In the records that follow, find the line with "X27285714Y-27617676D01*"; from there, retype every line exactly through the line with "X32544285Y-9090699D02*", which also belongs to the answer.

- - -

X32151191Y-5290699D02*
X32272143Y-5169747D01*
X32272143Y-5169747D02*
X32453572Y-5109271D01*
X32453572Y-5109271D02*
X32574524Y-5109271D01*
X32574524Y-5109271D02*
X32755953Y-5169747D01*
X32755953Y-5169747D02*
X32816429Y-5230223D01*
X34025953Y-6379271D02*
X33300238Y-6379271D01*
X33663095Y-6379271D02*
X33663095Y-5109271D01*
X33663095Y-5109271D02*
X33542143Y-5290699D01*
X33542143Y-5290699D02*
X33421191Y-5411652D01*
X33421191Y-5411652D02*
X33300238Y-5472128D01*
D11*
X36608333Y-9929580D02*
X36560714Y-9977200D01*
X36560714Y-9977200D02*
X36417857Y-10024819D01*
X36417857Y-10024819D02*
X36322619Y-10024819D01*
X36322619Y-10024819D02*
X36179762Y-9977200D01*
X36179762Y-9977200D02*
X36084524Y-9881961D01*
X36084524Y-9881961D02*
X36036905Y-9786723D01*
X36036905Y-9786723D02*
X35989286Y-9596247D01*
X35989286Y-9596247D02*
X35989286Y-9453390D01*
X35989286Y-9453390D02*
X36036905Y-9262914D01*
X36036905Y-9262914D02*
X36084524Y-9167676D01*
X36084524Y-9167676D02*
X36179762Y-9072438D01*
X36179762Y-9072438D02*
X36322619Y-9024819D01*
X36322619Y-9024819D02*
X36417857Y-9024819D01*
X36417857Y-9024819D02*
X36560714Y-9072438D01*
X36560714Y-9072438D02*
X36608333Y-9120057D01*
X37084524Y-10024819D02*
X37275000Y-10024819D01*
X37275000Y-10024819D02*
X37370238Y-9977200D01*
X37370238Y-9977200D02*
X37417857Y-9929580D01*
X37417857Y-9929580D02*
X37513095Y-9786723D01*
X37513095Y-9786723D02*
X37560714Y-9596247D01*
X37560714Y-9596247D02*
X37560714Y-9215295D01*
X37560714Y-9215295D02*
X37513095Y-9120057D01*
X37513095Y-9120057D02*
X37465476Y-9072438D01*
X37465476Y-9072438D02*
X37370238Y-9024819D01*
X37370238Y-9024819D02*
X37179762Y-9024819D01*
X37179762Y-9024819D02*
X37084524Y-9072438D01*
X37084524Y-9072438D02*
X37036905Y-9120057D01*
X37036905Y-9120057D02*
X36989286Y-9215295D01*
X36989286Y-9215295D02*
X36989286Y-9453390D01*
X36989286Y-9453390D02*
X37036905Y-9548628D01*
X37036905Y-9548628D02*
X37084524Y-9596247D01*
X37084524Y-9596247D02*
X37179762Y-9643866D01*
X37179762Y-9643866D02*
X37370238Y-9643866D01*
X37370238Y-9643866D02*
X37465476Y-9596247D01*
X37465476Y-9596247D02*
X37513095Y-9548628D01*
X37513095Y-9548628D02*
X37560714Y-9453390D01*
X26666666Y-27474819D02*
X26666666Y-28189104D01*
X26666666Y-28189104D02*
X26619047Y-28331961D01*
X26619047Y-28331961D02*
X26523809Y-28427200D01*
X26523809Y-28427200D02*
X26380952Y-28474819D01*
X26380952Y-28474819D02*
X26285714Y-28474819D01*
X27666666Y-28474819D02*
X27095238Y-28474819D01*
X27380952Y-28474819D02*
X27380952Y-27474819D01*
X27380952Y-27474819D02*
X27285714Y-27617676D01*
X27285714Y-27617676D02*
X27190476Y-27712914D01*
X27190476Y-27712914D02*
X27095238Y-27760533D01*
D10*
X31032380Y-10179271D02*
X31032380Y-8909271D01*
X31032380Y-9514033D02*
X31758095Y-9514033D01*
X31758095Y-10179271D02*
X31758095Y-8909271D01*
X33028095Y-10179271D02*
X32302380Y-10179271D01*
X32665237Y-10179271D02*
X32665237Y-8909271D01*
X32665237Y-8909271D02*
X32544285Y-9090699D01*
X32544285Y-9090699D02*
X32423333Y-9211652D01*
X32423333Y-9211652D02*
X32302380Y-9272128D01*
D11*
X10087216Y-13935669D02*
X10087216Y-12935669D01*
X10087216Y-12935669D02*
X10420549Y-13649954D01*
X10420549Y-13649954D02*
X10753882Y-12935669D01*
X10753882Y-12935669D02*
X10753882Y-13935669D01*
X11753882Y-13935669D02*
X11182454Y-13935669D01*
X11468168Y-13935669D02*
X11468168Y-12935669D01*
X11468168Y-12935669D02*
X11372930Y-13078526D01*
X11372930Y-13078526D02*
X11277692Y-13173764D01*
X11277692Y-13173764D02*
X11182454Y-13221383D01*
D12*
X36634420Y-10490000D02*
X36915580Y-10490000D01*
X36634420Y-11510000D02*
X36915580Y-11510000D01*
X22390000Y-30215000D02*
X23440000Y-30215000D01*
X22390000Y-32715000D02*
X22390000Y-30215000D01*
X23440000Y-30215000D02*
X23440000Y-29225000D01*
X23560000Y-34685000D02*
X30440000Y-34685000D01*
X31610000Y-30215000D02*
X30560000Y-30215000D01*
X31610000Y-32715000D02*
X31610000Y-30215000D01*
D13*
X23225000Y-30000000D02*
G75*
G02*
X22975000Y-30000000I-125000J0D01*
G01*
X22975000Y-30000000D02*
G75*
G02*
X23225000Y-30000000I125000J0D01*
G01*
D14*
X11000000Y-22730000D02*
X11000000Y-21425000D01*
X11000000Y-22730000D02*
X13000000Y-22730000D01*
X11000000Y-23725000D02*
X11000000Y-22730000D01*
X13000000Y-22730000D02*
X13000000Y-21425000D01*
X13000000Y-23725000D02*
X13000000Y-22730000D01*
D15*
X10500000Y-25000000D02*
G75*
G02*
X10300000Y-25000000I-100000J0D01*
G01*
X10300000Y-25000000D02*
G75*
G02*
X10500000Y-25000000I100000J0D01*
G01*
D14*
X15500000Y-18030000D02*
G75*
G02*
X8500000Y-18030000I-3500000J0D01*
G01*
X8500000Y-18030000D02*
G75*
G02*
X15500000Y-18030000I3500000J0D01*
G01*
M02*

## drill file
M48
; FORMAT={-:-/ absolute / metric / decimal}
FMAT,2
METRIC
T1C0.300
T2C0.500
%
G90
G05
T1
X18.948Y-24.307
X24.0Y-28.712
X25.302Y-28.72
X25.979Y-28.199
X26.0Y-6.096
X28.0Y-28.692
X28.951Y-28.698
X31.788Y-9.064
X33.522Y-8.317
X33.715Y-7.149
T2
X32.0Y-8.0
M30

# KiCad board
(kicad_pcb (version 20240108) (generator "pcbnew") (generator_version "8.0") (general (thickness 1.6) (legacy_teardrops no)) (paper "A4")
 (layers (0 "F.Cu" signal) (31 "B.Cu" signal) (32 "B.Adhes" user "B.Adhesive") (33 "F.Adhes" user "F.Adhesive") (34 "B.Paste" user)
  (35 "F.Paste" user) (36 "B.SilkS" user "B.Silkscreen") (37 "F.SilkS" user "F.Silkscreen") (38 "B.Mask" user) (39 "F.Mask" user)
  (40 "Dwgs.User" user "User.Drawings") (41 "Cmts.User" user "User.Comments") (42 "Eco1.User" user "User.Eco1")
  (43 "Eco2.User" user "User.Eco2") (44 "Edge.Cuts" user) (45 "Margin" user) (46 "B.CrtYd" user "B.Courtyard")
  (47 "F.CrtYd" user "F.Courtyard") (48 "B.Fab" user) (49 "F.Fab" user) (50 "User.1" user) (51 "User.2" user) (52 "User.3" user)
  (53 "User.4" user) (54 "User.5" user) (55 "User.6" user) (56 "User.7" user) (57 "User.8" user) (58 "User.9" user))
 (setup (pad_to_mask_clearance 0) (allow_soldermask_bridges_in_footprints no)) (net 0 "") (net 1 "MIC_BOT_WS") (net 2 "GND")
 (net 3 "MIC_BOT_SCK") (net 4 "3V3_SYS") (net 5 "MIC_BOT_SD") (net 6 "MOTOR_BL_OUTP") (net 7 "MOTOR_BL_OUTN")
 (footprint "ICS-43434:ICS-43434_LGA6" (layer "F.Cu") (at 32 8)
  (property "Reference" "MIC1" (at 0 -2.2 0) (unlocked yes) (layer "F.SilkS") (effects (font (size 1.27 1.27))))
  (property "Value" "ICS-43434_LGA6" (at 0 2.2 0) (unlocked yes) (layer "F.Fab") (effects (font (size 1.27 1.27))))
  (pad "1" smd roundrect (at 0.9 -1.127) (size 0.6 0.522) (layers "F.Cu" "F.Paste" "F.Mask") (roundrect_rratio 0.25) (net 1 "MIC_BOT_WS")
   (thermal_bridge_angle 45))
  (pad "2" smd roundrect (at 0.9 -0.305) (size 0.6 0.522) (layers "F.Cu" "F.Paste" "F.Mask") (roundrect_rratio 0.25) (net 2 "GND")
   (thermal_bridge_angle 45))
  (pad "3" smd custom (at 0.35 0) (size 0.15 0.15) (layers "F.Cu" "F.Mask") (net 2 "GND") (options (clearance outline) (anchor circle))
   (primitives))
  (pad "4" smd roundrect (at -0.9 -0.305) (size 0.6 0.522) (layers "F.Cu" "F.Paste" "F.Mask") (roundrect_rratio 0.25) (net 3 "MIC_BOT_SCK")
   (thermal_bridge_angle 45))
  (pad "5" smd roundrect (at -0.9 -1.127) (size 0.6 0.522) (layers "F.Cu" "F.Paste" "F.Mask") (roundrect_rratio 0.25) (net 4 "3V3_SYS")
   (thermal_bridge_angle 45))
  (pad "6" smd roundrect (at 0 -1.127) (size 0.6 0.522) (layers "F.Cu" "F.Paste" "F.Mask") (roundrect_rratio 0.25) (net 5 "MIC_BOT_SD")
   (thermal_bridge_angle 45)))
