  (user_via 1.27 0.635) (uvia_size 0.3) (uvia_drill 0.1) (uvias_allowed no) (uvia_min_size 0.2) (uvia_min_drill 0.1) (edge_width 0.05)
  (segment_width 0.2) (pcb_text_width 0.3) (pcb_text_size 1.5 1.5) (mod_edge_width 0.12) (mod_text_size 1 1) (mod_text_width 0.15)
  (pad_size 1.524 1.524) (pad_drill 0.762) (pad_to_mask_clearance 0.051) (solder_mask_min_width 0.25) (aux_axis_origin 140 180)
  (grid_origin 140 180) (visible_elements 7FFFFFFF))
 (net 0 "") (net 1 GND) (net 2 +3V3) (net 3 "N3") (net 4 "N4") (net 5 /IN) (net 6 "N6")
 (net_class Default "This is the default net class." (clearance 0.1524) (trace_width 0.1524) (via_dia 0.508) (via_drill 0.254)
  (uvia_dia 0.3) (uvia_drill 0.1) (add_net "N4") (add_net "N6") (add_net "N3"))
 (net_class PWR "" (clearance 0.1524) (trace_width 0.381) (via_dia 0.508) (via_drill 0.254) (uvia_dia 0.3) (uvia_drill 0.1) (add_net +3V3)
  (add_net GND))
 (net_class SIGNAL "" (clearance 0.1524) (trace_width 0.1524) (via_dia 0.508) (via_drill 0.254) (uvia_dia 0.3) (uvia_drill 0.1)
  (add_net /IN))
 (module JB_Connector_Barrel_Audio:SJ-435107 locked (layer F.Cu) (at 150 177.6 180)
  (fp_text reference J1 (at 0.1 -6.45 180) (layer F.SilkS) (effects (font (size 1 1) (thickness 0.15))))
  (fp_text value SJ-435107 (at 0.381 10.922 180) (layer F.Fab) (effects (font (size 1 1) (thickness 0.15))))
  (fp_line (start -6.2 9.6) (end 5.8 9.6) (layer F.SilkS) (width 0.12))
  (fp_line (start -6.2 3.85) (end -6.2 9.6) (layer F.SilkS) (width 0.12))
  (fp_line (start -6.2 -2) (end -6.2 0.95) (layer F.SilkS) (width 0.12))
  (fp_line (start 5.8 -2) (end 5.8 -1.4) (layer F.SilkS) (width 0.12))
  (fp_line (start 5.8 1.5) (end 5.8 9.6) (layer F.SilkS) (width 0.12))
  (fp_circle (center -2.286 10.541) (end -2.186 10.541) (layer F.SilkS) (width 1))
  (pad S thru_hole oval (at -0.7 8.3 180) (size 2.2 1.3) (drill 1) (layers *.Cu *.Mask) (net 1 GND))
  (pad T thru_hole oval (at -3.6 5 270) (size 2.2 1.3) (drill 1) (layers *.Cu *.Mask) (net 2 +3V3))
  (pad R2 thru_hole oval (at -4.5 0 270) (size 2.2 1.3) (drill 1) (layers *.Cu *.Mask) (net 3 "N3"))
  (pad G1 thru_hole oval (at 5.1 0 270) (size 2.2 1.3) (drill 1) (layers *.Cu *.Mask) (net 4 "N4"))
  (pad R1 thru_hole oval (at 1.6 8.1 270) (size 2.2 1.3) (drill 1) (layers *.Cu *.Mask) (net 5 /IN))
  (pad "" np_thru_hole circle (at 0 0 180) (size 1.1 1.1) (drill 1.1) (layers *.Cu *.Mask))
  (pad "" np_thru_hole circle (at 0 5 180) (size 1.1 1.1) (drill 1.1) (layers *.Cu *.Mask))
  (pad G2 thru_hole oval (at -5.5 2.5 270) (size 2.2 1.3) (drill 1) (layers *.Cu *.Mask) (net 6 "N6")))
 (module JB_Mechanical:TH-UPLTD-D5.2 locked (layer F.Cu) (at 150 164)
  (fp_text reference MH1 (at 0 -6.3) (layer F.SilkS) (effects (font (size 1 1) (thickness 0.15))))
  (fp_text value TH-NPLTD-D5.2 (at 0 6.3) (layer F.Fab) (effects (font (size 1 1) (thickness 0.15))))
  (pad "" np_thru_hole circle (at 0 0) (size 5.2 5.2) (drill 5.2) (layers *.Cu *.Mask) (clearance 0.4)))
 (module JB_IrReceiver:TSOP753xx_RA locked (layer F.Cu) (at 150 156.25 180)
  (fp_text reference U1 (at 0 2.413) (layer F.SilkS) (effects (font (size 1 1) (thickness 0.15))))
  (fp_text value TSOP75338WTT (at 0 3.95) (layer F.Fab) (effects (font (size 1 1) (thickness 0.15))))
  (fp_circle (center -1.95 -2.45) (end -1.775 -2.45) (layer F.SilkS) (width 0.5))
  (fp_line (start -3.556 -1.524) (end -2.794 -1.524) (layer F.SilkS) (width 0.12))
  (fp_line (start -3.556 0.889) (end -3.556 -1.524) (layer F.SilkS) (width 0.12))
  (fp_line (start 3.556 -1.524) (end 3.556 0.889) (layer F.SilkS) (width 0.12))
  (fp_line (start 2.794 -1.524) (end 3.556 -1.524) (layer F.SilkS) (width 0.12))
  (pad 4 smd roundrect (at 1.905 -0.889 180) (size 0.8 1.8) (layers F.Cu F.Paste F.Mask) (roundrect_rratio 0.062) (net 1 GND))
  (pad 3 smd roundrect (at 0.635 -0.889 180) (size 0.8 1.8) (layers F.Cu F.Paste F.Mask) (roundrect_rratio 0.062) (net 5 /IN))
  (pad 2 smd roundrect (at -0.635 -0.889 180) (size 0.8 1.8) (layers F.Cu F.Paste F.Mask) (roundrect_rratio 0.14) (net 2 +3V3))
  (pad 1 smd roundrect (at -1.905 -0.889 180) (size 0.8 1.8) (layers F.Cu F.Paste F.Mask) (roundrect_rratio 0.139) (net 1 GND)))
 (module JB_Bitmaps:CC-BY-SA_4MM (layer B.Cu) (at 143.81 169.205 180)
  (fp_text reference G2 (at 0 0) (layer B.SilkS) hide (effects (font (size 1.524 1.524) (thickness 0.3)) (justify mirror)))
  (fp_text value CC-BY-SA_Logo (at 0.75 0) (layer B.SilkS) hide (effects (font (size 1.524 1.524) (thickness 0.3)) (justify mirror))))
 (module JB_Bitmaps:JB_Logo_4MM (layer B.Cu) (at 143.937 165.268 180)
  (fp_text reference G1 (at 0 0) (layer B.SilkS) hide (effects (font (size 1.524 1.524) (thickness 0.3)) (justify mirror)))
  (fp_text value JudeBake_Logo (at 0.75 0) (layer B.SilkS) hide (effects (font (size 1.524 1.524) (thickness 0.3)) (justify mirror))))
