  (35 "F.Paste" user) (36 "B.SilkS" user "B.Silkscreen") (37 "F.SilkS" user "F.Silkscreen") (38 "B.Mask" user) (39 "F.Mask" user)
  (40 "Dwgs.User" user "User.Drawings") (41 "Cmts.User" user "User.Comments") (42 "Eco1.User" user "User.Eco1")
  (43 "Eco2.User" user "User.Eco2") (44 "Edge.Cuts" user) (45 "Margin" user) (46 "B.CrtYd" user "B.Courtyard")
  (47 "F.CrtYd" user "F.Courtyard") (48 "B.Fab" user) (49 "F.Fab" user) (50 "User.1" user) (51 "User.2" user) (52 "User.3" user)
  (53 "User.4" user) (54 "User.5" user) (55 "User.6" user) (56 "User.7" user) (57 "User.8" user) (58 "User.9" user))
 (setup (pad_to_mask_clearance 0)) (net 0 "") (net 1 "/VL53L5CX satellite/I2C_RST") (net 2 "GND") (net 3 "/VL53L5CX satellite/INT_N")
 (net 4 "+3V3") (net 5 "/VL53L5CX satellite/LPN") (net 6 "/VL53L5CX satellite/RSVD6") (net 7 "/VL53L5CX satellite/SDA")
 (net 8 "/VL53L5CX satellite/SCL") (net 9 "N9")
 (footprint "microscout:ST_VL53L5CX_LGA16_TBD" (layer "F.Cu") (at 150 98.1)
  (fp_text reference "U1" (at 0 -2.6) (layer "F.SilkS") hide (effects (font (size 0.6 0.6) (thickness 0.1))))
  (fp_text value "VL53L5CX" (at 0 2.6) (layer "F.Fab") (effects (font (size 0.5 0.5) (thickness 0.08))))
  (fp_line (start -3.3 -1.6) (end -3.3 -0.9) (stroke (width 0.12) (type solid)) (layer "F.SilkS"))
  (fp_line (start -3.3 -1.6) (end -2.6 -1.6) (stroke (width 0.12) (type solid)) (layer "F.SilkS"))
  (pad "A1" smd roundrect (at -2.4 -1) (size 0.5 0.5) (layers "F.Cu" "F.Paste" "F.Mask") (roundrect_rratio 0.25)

- - -

Reply:
X27285714Y-27617676D01*
X27285714Y-27617676D02*
X27190476Y-27712914D01*
X27190476Y-27712914D02*
X27095238Y-27760533D01*
D10*
X31032380Y-10179271D02*
X31032380Y-8909271D01*
X31032380Y-9514033D02*
X31758095Y-9514033D01*
X31758095Y-10179271D02*
X31758095Y-8909271D01*
X33028095Y-10179271D02*
X32302380Y-10179271D01*
X32665237Y-10179271D02*
X32665237Y-8909271D01*
X32665237Y-8909271D02*
X32544285Y-9090699D01*
X32544285Y-9090699D02*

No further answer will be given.